Collected data entries:
=======

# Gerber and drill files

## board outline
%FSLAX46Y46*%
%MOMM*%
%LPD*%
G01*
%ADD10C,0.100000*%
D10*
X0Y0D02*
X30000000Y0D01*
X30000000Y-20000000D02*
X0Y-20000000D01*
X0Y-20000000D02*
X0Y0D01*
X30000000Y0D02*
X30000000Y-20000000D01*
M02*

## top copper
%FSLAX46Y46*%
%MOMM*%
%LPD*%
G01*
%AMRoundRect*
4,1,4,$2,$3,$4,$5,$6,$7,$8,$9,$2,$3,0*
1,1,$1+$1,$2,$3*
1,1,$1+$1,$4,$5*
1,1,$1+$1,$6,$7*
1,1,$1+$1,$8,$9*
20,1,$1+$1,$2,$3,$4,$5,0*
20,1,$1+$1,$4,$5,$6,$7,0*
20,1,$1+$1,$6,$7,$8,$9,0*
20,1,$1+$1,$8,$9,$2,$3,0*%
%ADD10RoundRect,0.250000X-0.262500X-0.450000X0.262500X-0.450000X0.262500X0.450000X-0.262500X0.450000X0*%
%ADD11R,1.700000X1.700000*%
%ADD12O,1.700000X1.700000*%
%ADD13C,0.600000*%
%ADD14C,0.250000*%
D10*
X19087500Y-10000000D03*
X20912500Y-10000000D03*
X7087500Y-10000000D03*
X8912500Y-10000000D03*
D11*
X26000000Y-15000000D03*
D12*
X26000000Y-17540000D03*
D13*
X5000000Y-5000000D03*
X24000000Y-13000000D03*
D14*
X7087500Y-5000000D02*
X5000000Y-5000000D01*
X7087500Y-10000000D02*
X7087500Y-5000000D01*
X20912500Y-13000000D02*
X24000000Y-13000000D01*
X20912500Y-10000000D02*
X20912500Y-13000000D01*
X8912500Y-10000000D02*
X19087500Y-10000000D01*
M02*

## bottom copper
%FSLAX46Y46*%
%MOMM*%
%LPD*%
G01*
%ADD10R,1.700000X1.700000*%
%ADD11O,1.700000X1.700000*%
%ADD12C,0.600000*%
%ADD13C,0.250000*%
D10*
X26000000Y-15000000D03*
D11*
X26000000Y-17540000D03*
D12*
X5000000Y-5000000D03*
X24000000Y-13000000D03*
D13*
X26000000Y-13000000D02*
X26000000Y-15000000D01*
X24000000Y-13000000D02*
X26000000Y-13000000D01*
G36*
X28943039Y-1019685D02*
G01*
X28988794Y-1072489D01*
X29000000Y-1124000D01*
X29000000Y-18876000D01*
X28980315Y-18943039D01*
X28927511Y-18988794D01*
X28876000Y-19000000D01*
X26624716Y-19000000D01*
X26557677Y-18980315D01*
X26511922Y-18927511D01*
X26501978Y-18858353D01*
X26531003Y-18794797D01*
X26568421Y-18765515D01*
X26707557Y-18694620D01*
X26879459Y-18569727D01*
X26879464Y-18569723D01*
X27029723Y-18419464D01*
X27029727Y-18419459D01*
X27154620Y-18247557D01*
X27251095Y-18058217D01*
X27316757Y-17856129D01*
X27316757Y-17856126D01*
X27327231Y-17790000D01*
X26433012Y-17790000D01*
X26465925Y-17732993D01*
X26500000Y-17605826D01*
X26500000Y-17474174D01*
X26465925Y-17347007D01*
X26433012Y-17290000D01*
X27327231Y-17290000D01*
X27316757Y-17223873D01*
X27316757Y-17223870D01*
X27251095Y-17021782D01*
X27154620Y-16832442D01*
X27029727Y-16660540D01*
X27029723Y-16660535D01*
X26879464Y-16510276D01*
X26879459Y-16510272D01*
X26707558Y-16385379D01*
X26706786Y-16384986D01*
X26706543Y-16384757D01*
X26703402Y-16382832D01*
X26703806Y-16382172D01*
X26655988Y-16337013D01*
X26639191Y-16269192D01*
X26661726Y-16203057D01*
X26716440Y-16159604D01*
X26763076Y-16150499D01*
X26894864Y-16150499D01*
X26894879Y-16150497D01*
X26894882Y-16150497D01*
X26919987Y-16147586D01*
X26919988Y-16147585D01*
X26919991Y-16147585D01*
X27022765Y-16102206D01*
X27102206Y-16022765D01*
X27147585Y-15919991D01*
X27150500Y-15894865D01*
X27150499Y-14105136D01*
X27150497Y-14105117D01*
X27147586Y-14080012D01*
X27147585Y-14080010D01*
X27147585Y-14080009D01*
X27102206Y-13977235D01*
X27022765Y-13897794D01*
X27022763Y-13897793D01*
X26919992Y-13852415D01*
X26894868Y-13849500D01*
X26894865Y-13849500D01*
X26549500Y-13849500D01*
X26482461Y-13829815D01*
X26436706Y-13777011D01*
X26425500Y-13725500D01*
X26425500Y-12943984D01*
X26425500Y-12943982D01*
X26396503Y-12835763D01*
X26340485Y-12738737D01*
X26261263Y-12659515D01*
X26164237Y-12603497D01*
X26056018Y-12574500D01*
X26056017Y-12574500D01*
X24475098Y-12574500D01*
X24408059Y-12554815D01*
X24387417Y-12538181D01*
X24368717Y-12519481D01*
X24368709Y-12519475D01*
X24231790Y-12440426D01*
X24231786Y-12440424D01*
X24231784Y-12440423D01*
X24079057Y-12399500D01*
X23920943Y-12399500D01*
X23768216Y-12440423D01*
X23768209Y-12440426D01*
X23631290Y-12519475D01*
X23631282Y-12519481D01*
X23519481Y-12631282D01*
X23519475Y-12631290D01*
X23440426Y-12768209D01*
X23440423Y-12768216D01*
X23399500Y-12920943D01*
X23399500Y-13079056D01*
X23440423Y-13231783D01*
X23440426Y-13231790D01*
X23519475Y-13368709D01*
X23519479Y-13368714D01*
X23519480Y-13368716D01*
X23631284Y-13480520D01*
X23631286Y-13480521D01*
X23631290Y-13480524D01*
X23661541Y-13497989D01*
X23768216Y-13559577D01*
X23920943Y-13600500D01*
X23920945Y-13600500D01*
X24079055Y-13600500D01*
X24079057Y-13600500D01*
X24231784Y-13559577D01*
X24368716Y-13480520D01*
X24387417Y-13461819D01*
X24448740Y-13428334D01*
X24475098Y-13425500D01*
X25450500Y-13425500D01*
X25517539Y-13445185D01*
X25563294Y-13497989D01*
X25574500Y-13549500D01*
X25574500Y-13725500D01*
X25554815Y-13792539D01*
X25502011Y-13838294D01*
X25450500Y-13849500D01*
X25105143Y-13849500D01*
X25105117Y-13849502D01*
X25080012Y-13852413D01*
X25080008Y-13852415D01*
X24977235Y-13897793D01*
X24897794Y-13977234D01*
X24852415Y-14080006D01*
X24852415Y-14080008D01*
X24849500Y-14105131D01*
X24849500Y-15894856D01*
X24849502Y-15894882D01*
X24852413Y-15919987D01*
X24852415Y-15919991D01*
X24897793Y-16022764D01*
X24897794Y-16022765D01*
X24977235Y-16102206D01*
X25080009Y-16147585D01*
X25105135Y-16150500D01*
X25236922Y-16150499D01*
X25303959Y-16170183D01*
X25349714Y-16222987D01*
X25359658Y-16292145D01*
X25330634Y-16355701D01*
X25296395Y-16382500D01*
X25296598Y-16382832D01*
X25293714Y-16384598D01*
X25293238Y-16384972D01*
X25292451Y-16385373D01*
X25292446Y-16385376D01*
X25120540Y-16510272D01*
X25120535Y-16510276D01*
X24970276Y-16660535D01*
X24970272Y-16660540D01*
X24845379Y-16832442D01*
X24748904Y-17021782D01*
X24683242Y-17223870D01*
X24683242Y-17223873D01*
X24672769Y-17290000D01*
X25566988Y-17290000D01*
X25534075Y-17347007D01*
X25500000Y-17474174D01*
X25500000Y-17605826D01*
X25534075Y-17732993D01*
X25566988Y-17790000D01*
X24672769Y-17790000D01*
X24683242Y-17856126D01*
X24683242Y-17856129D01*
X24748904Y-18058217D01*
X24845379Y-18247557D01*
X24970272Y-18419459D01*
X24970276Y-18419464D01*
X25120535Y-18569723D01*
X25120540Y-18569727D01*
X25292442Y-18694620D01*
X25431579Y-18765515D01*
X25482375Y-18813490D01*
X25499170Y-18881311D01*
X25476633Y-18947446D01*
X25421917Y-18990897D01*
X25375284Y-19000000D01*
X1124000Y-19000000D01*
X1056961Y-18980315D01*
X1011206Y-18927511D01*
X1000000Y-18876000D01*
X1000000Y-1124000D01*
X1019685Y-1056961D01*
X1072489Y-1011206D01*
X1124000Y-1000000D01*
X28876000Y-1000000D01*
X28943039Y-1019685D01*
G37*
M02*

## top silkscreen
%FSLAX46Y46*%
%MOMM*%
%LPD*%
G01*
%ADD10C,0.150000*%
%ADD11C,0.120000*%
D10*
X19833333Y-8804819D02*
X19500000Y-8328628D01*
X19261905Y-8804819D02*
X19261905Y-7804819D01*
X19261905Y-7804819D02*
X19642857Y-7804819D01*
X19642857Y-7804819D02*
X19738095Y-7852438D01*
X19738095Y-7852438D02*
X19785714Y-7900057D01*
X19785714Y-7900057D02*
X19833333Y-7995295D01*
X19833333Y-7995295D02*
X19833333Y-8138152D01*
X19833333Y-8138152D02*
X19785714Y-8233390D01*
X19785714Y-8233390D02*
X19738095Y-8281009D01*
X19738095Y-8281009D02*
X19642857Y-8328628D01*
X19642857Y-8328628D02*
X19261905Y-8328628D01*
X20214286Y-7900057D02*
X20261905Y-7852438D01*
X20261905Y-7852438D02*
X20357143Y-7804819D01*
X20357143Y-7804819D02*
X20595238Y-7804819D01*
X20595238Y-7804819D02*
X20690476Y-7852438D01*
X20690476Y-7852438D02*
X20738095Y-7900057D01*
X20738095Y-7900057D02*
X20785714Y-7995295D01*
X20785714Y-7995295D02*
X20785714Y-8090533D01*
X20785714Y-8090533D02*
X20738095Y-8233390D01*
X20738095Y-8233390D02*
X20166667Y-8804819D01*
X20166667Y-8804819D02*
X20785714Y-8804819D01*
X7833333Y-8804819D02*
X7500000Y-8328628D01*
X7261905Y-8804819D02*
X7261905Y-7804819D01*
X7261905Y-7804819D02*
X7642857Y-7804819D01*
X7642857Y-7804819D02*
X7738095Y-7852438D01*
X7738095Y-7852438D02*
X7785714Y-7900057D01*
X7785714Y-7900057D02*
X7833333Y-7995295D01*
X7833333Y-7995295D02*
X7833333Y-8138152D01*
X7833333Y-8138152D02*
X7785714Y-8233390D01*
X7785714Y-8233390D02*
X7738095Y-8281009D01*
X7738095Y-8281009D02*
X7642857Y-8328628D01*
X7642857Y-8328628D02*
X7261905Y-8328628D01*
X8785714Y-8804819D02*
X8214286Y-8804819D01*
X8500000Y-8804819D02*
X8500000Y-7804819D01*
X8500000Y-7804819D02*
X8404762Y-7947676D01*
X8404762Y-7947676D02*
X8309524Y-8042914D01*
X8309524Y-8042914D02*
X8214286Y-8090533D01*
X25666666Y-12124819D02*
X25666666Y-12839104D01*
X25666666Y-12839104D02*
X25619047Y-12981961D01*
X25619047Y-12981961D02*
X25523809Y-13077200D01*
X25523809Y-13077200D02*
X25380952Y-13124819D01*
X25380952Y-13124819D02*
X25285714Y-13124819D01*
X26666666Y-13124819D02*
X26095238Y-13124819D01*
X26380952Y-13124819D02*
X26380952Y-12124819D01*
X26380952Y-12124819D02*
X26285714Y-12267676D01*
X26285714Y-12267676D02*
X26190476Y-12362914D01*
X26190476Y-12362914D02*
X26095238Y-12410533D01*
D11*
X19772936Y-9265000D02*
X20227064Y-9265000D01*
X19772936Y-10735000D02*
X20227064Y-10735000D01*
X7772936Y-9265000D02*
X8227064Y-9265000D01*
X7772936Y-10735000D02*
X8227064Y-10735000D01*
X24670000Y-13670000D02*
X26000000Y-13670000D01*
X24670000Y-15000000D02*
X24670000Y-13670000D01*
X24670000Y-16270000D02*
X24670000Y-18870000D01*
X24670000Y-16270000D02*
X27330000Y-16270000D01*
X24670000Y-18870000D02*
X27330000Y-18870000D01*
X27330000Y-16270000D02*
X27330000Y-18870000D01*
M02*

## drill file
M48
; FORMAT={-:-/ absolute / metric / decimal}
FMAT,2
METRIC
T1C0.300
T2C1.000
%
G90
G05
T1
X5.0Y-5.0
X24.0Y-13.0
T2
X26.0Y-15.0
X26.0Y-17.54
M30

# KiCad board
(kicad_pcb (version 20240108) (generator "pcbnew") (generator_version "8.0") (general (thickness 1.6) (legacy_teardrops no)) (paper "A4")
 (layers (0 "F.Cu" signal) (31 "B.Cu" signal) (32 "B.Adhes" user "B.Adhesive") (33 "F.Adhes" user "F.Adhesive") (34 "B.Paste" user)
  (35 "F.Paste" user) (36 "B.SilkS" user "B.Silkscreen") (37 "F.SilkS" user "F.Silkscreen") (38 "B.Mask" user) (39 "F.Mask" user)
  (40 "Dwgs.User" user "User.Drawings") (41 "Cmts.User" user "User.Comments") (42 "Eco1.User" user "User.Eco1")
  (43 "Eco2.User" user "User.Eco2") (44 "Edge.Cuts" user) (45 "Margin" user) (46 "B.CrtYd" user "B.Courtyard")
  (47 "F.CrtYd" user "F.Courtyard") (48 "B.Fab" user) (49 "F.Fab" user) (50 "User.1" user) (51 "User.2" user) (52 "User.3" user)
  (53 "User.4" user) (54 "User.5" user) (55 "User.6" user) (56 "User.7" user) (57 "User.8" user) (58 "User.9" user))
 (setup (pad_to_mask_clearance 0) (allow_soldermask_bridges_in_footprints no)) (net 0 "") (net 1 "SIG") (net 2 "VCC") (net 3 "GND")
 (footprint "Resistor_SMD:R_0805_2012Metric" (layer "F.Cu") (at 20 10)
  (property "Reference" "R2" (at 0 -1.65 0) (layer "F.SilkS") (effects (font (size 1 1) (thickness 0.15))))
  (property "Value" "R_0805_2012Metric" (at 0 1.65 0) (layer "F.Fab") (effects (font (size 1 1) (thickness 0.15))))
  (fp_line (start -0.227064 -0.735) (end 0.227064 -0.735) (stroke (width 0.12) (type solid)) (layer "F.SilkS"))
  (fp_line (start -0.227064 0.735) (end 0.227064 0.735) (stroke (width 0.12) (type solid)) (layer "F.SilkS"))
  (pad "1" smd roundrect (at -0.9125 0) (size 1.025 1.4) (layers "F.Cu" "F.Paste" "F.Mask") (roundrect_rratio 0.243902) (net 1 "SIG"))
  (pad "2" smd roundrect (at 0.9125 0) (size 1.025 1.4) (layers "F.Cu" "F.Paste" "F.Mask") (roundrect_rratio 0.243902) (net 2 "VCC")))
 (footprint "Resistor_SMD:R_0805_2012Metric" (layer "F.Cu") (at 8 10)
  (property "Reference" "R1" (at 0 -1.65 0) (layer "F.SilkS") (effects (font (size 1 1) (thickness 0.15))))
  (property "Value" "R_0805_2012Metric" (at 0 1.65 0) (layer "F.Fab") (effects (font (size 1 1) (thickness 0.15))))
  (fp_line (start -0.227064 -0.735) (end 0.227064 -0.735) (stroke (width 0.12) (type solid)) (layer "F.SilkS"))
  (fp_line (start -0.227064 0.735) (end 0.227064 0.735) (stroke (width 0.12) (type solid)) (layer "F.SilkS"))
  (pad "1" smd roundrect (at -0.9125 0) (size 1.025 1.4) (layers "F.Cu" "F.Paste" "F.Mask") (roundrect_rratio 0.243902) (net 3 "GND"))
  (pad "2" smd roundrect (at 0.9125 0) (size 1.025 1.4) (layers "F.Cu" "F.Paste" "F.Mask") (roundrect_rratio 0.243902) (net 1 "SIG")))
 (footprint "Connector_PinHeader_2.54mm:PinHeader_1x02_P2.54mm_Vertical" (layer "F.Cu") (at 26 15)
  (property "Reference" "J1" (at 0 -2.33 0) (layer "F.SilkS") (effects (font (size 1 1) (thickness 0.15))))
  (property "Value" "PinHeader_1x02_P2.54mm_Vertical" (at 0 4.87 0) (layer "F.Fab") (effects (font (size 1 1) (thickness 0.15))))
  (fp_line (start -1.33 -1.33) (end 0 -1.33) (stroke (width 0.12) (type solid)) (layer "F.SilkS"))
  (fp_line (start -1.33 0) (end -1.33 -1.33) (stroke (width 0.12) (type solid)) (layer "F.SilkS"))
  (fp_line (start -1.33 1.27) (end -1.33 3.87) (stroke (width 0.12) (type solid)) (layer "F.SilkS"))
  (fp_line (start -1.33 1.27) (end 1.33 1.27) (stroke (width 0.12) (type solid)) (layer "F.SilkS"))
  (fp_line (start -1.33 3.87) (end 1.33 3.87) (stroke (width 0.12) (type solid)) (layer "F.SilkS"))
  (fp_line (start 1.33 1.27) (end 1.33 3.87) (stroke (width 0.12) (type solid)) (layer "F.SilkS"))
  (pad "1" thru_hole rect (at 0 0) (size 1.7 1.7) (drill 1) (layers "*.Cu" "*.Mask") (remove_unused_layers no) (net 2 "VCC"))
  (pad "2" thru_hole oval (at 0 2.54) (size 1.7 1.7) (drill 1) (layers "*.Cu" "*.Mask") (remove_unused_layers no) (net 3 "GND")))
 (gr_line (start 0 0) (end 30 0) (stroke (width 0.1) (type default)) (layer "Edge.Cuts"))
 (gr_line (start 30 20) (end 0 20) (stroke (width 0.1) (type default)) (layer "Edge.Cuts"))
 (gr_line (start 0 20) (end 0 0) (stroke (width 0.1) (type default)) (layer "Edge.Cuts"))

=======

● **Exercise aim**: All that belongs in your answer is the stretch of entries above from the line with "X26056017Y-12574500D01*" through the line with "X25534075Y-17732993D01*", printed exactly.

● **Exercise output**:
X26056017Y-12574500D01*
X24475098Y-12574500D01*
X24408059Y-12554815D01*
X24387417Y-12538181D01*
X24368717Y-12519481D01*
X24368709Y-12519475D01*
X24231790Y-12440426D01*
X24231786Y-12440424D01*
X24231784Y-12440423D01*
X24079057Y-12399500D01*
X23920943Y-12399500D01*
X23768216Y-12440423D01*
X23768209Y-12440426D01*
X23631290Y-12519475D01*
X23631282Y-12519481D01*
X23519481Y-12631282D01*
X23519475Y-12631290D01*
X23440426Y-12768209D01*
X23440423Y-12768216D01*
X23399500Y-12920943D01*
X23399500Y-13079056D01*
X23440423Y-13231783D01*
X23440426Y-13231790D01*
X23519475Y-13368709D01*
X23519479Y-13368714D01*
X23519480Y-13368716D01*
X23631284Y-13480520D01*
X23631286Y-13480521D01*
X23631290Y-13480524D01*
X23661541Y-13497989D01*
X23768216Y-13559577D01*
X23920943Y-13600500D01*
X23920945Y-13600500D01*
X24079055Y-13600500D01*
X24079057Y-13600500D01*
X24231784Y-13559577D01*
X24368716Y-13480520D01*
X24387417Y-13461819D01*
X24448740Y-13428334D01*
X24475098Y-13425500D01*
X25450500Y-13425500D01*
X25517539Y-13445185D01*
X25563294Y-13497989D01*
X25574500Y-13549500D01*
X25574500Y-13725500D01*
X25554815Y-13792539D01*
X25502011Y-13838294D01*
X25450500Y-13849500D01*
X25105143Y-13849500D01*
X25105117Y-13849502D01*
X25080012Y-13852413D01*
X25080008Y-13852415D01*
X24977235Y-13897793D01*
X24897794Y-13977234D01*
X24852415Y-14080006D01*
X24852415Y-14080008D01*
X24849500Y-14105131D01*
X24849500Y-15894856D01*
X24849502Y-15894882D01*
X24852413Y-15919987D01*
X24852415Y-15919991D01*
X24897793Y-16022764D01*
X24897794Y-16022765D01*
X24977235Y-16102206D01*
X25080009Y-16147585D01*
X25105135Y-16150500D01*
X25236922Y-16150499D01*
X25303959Y-16170183D01*
X25349714Y-16222987D01*
X25359658Y-16292145D01*
X25330634Y-16355701D01*
X25296395Y-16382500D01*
X25296598Y-16382832D01*
X25293714Y-16384598D01*
X25293238Y-16384972D01*
X25292451Y-16385373D01*
X25292446Y-16385376D01*
X25120540Y-16510272D01*
X25120535Y-16510276D01*
X24970276Y-16660535D01*
X24970272Y-16660540D01*
X24845379Y-16832442D01*
X24748904Y-17021782D01*
X24683242Y-17223870D01*
X24683242Y-17223873D01*
X24672769Y-17290000D01*
X25566988Y-17290000D01*
X25534075Y-17347007D01*
X25500000Y-17474174D01*
X25500000Y-17605826D01*
X25534075Y-17732993D01*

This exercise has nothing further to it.